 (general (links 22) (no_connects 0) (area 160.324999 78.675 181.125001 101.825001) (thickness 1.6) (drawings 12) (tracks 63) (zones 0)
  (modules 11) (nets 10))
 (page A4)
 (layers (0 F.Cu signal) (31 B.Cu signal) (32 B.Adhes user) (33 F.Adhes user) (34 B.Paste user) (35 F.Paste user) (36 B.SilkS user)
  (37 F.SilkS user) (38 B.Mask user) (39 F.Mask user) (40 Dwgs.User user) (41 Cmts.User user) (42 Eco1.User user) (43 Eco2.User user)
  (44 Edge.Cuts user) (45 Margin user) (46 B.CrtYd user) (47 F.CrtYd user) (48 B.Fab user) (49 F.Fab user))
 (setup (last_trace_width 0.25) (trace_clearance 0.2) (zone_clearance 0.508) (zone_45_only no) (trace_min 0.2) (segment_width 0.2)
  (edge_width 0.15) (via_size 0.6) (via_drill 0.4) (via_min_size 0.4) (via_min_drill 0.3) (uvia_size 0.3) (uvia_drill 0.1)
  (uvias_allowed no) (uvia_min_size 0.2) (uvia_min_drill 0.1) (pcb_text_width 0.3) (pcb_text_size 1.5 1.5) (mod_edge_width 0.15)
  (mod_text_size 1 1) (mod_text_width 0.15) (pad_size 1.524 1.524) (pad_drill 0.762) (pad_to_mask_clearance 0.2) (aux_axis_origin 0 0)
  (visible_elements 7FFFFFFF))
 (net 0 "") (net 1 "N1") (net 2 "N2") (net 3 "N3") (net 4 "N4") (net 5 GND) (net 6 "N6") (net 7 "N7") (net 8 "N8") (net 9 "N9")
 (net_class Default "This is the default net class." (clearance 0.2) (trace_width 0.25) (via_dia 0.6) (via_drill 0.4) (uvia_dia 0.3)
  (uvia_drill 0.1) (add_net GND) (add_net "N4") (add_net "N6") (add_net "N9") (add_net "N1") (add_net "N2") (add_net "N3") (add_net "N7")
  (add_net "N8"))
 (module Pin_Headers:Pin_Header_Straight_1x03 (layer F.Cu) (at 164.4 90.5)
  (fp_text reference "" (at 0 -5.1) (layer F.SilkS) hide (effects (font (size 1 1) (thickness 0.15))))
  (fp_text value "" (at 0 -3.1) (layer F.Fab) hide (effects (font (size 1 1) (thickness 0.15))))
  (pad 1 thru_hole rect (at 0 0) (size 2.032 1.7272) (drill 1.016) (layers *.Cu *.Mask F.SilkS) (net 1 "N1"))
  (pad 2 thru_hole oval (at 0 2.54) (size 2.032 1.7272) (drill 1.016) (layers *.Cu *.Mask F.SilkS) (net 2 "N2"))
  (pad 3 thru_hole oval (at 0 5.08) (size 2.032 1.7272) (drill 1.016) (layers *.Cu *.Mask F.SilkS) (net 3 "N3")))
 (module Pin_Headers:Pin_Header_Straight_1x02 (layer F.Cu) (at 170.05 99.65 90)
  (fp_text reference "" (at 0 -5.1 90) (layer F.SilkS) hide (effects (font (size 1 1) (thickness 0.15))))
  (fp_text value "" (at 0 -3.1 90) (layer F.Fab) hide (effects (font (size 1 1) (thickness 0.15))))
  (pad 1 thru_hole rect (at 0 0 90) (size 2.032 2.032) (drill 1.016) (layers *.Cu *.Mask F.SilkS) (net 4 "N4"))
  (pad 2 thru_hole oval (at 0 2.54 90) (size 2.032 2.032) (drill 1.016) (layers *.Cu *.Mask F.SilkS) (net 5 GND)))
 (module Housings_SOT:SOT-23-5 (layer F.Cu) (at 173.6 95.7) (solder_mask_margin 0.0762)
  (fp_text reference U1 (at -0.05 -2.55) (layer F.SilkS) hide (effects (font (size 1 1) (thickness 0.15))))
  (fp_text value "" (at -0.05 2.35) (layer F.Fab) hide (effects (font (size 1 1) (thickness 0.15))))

* * * *

ABOUT THIS TASK:
Return the line that contains "-5.1 90) (layer", along with every line after it in the data above, exactly and with nothing else.

EXPECTED ANSWER:
  (fp_text reference "" (at 0 -5.1 90) (layer F.SilkS) hide (effects (font (size 1 1) (thickness 0.15))))
  (fp_text value "" (at 0 -3.1 90) (layer F.Fab) hide (effects (font (size 1 1) (thickness 0.15))))
  (pad 1 thru_hole rect (at 0 0 90) (size 2.032 2.032) (drill 1.016) (layers *.Cu *.Mask F.SilkS) (net 4 "N4"))
  (pad 2 thru_hole oval (at 0 2.54 90) (size 2.032 2.032) (drill 1.016) (layers *.Cu *.Mask F.SilkS) (net 5 GND)))
 (module Housings_SOT:SOT-23-5 (layer F.Cu) (at 173.6 95.7) (solder_mask_margin 0.0762)
  (fp_text reference U1 (at -0.05 -2.55) (layer F.SilkS) hide (effects (font (size 1 1) (thickness 0.15))))
  (fp_text value "" (at -0.05 2.35) (layer F.Fab) hide (effects (font (size 1 1) (thickness 0.15))))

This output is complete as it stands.